-- TASK BRIEF --
Quote exactly and only this range of lines in the data below: the line that holds "X138074838Y-96359057D01*" to the line that holds "X139255790Y-96206676D02*", both included.

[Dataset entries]
>>

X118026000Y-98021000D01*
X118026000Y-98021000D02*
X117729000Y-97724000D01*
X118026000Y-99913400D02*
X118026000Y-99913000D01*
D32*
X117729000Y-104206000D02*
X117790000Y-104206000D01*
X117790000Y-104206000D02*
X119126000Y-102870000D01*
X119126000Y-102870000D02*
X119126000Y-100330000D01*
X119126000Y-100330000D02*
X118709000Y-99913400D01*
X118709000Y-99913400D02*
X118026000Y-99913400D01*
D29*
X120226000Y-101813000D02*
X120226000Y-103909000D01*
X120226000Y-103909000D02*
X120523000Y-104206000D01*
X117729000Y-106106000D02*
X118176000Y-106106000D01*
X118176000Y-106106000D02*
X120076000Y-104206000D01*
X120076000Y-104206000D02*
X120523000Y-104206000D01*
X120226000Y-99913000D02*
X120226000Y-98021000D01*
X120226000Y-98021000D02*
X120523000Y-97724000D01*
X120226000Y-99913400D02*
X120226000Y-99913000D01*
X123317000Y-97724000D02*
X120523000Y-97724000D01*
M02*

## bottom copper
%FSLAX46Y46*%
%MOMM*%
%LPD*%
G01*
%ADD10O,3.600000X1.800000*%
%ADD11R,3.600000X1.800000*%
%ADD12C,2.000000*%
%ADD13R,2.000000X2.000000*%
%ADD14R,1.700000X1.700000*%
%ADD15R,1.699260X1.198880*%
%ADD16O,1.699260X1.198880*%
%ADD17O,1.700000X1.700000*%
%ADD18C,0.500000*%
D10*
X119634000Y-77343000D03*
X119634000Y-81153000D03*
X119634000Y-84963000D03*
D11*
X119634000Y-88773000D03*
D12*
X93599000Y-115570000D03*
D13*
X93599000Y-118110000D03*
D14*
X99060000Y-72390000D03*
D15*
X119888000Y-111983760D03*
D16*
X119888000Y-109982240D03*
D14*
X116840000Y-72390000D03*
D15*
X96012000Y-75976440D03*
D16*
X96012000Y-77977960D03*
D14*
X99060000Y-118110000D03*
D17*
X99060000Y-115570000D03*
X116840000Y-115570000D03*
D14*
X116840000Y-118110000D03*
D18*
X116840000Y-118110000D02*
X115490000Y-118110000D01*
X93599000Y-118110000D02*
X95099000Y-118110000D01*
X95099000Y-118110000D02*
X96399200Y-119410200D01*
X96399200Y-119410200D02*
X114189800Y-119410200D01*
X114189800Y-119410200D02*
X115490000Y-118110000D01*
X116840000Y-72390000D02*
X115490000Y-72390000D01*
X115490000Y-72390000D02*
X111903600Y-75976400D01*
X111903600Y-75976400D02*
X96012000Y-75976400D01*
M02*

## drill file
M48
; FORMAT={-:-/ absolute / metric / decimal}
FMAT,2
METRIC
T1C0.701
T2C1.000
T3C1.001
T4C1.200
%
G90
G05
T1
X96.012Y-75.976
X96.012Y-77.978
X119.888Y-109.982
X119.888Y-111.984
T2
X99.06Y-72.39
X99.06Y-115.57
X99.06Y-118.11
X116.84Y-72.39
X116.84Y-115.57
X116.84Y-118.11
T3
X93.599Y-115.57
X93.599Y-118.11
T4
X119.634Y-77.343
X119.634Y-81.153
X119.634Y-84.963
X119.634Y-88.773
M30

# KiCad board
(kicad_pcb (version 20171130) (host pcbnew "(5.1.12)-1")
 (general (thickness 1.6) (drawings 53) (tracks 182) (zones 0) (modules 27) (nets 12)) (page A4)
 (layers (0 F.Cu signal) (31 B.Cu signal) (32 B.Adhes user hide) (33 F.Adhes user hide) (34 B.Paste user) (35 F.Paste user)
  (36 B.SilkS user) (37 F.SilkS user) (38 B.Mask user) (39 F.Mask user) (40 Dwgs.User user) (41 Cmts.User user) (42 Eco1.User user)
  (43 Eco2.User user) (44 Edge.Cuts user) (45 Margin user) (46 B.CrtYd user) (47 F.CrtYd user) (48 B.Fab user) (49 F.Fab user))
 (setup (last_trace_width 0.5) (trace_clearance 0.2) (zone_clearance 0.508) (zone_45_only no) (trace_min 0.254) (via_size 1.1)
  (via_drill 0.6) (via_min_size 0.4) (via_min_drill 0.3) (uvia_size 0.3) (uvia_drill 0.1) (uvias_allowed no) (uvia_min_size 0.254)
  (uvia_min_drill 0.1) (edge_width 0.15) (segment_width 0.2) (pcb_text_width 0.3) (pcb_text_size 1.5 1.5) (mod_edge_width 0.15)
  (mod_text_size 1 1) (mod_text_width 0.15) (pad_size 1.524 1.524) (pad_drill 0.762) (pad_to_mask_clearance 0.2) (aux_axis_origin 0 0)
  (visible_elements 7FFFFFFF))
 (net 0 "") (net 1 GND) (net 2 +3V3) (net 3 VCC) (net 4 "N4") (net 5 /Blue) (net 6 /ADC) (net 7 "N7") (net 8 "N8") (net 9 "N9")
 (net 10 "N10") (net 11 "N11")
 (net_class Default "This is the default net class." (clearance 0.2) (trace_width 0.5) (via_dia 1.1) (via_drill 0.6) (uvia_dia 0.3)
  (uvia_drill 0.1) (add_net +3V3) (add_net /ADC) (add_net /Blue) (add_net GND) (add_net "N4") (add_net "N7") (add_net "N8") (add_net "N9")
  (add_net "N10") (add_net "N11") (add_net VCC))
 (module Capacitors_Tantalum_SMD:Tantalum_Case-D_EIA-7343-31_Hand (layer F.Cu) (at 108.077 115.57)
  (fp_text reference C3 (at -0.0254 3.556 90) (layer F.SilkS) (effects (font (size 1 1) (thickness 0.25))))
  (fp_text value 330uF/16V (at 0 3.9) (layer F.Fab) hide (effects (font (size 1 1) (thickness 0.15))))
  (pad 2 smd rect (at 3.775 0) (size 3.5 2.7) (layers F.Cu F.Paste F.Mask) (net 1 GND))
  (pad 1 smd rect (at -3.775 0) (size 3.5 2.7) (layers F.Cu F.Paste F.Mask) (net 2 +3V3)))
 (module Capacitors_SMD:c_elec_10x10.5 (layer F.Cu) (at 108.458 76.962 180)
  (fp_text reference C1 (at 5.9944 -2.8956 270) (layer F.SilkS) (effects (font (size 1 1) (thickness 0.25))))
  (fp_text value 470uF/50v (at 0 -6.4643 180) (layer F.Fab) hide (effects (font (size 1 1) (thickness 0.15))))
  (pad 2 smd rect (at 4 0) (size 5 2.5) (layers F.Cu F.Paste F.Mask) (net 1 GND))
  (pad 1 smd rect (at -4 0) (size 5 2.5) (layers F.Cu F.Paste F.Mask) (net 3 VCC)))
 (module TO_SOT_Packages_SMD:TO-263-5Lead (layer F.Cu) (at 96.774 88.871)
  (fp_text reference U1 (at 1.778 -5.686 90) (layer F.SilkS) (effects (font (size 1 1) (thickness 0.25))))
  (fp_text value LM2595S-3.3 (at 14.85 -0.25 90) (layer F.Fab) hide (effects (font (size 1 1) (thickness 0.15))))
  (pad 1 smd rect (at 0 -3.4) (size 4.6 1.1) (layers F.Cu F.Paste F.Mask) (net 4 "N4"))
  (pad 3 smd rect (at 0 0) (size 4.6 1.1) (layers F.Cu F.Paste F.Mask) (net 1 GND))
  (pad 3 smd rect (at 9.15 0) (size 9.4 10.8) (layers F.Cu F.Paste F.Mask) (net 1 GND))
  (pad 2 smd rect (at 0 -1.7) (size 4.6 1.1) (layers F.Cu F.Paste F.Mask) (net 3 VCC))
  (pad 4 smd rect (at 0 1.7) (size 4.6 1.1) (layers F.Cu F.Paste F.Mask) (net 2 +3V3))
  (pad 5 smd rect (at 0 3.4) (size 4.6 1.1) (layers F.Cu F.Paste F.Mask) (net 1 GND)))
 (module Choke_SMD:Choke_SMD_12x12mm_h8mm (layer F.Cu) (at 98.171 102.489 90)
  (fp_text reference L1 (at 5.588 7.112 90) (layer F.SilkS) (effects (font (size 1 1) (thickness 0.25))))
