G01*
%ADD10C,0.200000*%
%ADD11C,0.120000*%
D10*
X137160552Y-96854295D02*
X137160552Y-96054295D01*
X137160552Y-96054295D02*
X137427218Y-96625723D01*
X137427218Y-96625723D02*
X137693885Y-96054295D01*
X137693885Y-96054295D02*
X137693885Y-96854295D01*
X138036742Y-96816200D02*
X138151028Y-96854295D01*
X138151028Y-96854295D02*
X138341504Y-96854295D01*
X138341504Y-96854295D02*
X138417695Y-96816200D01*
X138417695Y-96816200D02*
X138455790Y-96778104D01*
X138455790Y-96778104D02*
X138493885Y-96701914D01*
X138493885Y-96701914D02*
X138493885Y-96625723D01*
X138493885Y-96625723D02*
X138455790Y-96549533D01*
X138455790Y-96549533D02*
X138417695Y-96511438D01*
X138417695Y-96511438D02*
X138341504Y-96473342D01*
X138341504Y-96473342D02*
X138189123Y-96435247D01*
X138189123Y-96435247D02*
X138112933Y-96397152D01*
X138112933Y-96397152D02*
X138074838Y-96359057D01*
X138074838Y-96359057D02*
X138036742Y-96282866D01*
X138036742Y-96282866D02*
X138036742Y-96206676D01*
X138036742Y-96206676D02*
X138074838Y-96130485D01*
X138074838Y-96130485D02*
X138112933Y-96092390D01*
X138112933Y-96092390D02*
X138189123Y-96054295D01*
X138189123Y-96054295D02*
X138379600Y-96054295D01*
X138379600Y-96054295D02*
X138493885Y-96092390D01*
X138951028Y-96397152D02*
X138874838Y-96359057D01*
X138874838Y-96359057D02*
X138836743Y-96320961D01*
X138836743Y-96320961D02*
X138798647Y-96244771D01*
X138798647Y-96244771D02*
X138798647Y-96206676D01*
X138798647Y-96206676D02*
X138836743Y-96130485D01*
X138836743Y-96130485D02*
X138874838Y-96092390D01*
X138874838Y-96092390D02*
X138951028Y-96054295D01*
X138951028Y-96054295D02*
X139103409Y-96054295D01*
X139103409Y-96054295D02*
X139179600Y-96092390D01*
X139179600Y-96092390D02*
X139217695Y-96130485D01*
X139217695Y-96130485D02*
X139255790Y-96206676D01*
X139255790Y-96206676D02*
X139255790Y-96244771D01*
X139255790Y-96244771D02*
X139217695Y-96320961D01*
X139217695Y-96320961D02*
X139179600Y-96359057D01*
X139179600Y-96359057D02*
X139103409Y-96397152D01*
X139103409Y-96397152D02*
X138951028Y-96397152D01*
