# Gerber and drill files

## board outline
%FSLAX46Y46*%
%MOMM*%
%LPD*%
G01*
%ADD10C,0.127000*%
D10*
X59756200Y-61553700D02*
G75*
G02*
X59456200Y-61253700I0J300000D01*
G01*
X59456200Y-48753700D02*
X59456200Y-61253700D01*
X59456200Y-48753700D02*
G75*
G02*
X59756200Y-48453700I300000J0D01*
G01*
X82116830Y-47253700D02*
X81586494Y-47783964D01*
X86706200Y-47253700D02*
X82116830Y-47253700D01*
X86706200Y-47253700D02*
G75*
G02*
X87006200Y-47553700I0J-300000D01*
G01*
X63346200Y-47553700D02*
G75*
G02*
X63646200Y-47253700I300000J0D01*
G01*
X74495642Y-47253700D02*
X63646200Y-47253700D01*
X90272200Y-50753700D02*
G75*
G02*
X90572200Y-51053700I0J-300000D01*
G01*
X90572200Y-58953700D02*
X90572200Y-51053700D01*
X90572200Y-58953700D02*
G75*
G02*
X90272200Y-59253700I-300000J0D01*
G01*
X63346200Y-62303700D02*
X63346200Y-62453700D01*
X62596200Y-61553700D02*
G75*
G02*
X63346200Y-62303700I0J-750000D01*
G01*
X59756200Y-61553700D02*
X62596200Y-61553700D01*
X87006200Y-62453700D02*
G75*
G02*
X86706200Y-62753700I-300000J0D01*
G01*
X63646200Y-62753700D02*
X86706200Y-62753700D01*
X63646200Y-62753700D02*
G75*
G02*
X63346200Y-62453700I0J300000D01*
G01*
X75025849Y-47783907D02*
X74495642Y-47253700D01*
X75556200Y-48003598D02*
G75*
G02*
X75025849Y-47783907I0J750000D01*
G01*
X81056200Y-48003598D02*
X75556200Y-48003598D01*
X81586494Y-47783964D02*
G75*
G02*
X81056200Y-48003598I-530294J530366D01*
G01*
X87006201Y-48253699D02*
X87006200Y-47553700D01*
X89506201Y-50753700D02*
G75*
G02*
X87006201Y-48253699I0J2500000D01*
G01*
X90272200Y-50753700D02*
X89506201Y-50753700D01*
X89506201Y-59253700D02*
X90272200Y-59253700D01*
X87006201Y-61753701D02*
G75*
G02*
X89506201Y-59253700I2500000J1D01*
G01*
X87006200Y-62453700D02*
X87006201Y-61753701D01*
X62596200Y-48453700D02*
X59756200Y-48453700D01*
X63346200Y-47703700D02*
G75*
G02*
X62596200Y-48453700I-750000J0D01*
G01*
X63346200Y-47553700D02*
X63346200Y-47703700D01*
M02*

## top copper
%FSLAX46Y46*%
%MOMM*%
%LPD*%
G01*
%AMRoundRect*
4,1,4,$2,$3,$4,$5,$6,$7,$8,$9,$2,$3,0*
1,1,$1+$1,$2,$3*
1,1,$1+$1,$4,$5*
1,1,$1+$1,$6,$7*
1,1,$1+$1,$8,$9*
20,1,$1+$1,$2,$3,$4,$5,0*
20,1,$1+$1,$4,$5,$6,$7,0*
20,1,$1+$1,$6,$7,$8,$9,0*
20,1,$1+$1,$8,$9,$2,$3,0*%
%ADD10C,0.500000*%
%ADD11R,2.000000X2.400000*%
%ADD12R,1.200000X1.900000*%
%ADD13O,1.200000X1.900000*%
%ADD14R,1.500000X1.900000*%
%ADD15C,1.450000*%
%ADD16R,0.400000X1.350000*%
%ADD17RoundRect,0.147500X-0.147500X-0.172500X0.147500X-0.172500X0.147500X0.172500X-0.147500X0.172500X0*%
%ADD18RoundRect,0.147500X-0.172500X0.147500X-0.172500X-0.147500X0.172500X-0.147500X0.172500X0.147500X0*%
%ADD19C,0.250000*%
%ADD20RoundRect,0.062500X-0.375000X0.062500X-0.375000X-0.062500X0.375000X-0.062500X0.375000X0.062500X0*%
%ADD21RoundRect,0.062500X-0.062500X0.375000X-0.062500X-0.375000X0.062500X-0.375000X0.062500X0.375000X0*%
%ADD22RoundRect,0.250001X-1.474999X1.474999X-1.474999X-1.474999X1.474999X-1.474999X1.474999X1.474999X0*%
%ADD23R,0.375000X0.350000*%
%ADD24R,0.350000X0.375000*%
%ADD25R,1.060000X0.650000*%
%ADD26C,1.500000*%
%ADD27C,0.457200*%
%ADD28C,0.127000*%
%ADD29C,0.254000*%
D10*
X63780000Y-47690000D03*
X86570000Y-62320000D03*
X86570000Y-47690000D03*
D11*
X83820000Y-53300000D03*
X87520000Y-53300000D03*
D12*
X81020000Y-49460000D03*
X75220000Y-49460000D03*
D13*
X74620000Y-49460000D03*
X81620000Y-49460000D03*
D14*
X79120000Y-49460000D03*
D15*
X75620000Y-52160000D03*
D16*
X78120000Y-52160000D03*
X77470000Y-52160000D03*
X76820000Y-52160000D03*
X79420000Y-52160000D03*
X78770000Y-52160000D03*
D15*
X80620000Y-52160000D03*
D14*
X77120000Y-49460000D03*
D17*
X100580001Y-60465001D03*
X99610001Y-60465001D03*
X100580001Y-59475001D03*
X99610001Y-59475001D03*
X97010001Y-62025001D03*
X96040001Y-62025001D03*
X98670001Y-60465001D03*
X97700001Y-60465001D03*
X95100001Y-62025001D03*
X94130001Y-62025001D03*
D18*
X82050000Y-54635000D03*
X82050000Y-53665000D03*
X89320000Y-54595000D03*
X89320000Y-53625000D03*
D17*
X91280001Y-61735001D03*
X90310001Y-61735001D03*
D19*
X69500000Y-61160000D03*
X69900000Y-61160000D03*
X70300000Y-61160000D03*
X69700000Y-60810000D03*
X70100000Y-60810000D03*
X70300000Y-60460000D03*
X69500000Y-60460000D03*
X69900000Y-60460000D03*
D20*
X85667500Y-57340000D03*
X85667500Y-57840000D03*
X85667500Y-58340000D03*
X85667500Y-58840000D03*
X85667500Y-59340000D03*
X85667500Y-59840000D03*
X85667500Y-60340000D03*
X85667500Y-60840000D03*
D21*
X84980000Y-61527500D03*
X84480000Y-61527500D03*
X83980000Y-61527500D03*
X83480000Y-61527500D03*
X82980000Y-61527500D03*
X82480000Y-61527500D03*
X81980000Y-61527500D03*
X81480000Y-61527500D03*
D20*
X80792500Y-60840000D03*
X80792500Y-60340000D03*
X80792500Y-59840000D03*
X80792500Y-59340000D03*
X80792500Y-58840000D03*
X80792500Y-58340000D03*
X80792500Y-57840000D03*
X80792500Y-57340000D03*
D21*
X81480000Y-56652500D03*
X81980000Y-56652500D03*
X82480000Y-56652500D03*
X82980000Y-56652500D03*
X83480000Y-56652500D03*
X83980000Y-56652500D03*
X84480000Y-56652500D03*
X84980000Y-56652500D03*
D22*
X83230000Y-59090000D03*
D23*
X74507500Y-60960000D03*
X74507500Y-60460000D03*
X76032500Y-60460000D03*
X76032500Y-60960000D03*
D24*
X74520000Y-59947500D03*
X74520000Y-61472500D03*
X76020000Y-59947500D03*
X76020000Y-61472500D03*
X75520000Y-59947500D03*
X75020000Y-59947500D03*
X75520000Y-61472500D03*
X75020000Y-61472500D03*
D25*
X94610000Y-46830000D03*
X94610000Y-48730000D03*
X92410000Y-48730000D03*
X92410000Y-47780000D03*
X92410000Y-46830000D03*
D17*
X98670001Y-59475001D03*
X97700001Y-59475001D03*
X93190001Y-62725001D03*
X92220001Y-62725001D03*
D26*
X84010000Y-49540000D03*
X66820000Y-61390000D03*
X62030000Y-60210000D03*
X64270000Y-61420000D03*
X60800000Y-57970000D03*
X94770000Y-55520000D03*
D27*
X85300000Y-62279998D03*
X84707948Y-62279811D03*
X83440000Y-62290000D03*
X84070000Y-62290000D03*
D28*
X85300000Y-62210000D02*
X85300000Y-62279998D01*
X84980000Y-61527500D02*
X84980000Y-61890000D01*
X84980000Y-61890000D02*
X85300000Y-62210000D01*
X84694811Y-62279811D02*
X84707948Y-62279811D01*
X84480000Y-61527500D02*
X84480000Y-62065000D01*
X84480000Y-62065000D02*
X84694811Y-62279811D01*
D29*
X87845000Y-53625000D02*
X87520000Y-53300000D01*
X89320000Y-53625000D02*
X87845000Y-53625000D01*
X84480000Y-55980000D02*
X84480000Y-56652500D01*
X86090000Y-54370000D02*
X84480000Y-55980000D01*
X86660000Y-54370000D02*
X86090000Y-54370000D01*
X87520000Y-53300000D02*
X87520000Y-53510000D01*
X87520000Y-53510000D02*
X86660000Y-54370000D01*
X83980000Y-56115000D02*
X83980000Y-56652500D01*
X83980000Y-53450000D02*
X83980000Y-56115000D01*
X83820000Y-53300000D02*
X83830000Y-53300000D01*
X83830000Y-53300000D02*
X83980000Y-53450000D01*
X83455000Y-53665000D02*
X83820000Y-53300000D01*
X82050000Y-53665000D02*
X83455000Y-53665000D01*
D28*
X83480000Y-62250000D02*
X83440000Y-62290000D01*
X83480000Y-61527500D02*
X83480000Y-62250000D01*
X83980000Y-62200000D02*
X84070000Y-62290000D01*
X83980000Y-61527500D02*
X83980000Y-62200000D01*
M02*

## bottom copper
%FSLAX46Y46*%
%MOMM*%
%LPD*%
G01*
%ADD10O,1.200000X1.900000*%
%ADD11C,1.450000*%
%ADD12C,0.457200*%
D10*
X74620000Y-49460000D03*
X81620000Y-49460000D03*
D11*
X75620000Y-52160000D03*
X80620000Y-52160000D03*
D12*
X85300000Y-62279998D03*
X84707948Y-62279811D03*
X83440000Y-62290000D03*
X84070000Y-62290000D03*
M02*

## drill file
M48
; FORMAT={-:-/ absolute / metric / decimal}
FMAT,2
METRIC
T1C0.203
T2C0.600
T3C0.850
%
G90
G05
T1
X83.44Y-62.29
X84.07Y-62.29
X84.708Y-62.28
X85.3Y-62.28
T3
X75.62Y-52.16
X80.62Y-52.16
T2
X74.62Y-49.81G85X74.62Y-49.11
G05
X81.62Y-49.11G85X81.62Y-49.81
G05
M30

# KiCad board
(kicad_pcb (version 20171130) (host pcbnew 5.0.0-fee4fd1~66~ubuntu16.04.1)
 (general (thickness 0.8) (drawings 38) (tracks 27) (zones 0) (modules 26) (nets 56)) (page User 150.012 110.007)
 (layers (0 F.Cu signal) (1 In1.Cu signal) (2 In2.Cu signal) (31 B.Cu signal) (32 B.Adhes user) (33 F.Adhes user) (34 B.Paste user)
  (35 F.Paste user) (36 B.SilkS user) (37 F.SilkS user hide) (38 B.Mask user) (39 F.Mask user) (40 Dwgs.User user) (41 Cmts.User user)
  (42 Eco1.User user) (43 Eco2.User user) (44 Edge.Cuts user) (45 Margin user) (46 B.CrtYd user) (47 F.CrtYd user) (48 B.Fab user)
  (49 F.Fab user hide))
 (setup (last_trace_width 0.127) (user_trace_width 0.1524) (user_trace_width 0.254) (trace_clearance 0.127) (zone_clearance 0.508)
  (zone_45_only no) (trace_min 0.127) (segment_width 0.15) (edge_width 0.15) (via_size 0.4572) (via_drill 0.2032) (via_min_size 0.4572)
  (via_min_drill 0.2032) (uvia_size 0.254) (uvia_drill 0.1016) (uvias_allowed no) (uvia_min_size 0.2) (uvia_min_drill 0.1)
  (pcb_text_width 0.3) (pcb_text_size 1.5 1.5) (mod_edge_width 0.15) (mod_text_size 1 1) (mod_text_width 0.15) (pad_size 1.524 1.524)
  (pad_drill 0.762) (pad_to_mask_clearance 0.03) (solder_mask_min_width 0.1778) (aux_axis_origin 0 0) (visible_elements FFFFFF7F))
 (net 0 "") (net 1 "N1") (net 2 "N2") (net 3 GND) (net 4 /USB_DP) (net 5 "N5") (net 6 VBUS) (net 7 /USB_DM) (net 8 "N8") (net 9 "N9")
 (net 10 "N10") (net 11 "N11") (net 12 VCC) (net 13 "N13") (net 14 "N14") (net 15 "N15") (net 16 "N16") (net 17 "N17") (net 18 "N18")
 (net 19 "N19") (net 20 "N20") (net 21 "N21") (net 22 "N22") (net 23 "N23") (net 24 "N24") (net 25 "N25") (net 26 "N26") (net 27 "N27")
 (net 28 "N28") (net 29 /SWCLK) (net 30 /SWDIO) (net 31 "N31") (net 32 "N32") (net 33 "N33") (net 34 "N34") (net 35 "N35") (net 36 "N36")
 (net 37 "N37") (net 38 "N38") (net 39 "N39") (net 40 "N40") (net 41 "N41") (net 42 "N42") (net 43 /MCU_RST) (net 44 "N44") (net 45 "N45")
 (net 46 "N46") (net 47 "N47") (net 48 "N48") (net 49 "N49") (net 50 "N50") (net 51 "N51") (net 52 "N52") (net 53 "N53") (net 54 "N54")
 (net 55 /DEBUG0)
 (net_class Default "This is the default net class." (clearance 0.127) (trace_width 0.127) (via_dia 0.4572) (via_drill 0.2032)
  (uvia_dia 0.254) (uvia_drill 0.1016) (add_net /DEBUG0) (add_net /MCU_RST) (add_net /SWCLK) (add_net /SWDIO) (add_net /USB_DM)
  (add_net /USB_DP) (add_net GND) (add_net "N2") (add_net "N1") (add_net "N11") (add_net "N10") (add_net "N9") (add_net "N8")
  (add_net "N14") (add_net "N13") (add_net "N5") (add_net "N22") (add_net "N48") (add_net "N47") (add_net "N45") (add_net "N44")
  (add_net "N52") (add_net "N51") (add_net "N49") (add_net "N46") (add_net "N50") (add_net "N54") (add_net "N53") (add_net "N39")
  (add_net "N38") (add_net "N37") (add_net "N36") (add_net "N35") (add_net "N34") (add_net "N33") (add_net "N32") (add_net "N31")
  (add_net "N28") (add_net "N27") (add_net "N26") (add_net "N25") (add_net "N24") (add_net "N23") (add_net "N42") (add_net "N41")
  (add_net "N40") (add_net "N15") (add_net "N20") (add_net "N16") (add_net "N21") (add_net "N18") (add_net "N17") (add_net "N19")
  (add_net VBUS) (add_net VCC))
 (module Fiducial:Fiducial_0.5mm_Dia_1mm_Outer (layer F.Cu) (at 63.78 47.69)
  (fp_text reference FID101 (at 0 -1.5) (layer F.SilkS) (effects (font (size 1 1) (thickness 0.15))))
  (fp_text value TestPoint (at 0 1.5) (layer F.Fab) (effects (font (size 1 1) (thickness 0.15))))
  (pad ~ smd circle (at 0 0) (size 0.5 0.5) (layers F.Cu F.Mask) (solder_mask_margin 0.25) (clearance 0.25)))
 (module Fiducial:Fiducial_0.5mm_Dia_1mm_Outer (layer F.Cu) (at 86.57 62.32)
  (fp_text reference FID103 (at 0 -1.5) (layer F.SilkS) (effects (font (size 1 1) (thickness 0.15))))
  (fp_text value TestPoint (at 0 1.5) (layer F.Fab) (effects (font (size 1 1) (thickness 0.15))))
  (pad ~ smd circle (at 0 0) (size 0.5 0.5) (layers F.Cu F.Mask) (solder_mask_margin 0.25) (clearance 0.25)))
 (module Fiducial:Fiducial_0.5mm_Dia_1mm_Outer (layer F.Cu) (at 86.57 47.69)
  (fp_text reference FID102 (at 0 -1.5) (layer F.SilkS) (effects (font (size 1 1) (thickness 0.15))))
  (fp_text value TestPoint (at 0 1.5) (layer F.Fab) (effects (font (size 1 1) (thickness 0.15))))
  (pad ~ smd circle (at 0 0) (size 0.5 0.5) (layers F.Cu F.Mask) (solder_mask_margin 0.25) (clearance 0.25)))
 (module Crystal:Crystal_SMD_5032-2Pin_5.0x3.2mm (layer F.Cu) (at 85.67 53.3 180)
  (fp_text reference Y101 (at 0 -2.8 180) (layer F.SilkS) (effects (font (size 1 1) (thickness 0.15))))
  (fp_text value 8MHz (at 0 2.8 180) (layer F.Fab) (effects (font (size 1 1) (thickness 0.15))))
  (pad 2 smd rect (at 1.85 0 180) (size 2 2.4) (layers F.Cu F.Paste F.Mask) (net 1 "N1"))
  (pad 1 smd rect (at -1.85 0 180) (size 2 2.4) (layers F.Cu F.Paste F.Mask) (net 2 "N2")))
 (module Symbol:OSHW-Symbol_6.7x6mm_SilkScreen (layer F.Cu) (at 67.84 53.39 270)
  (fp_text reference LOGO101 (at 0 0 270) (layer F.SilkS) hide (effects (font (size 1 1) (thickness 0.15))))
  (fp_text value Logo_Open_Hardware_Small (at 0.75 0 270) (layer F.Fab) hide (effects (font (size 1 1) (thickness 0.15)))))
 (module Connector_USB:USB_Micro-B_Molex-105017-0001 (layer F.Cu) (at 78.12 50.6975 180)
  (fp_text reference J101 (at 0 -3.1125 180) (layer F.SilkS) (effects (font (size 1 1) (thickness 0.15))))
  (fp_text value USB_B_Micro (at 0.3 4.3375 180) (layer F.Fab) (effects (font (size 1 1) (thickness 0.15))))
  (pad 6 smd rect (at -2.9 1.2375 180) (size 1.2 1.9) (layers F.Cu F.Mask) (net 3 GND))
  (pad 6 smd rect (at 2.9 1.2375 180) (size 1.2 1.9) (layers F.Cu F.Mask) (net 3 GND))
  (pad 6 thru_hole oval (at 3.5 1.2375 180) (size 1.2 1.9) (drill oval 0.6 1.3) (layers *.Cu *.Mask) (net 3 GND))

<<

-- RESULT OF THE TASK --
X138074838Y-96359057D01*
X138074838Y-96359057D02*
X138036742Y-96282866D01*
X138036742Y-96282866D02*
X138036742Y-96206676D01*
X138036742Y-96206676D02*
X138074838Y-96130485D01*
X138074838Y-96130485D02*
X138112933Y-96092390D01*
X138112933Y-96092390D02*
X138189123Y-96054295D01*
X138189123Y-96054295D02*
X138379600Y-96054295D01*
X138379600Y-96054295D02*
X138493885Y-96092390D01*
X138951028Y-96397152D02*
X138874838Y-96359057D01*
X138874838Y-96359057D02*
X138836743Y-96320961D01*
X138836743Y-96320961D02*
X138798647Y-96244771D01*
X138798647Y-96244771D02*
X138798647Y-96206676D01*
X138798647Y-96206676D02*
X138836743Y-96130485D01*
X138836743Y-96130485D02*
X138874838Y-96092390D01*
X138874838Y-96092390D02*
X138951028Y-96054295D01*
X138951028Y-96054295D02*
X139103409Y-96054295D01*
X139103409Y-96054295D02*
X139179600Y-96092390D01*
X139179600Y-96092390D02*
X139217695Y-96130485D01*
X139217695Y-96130485D02*
X139255790Y-96206676D01*
X139255790Y-96206676D02*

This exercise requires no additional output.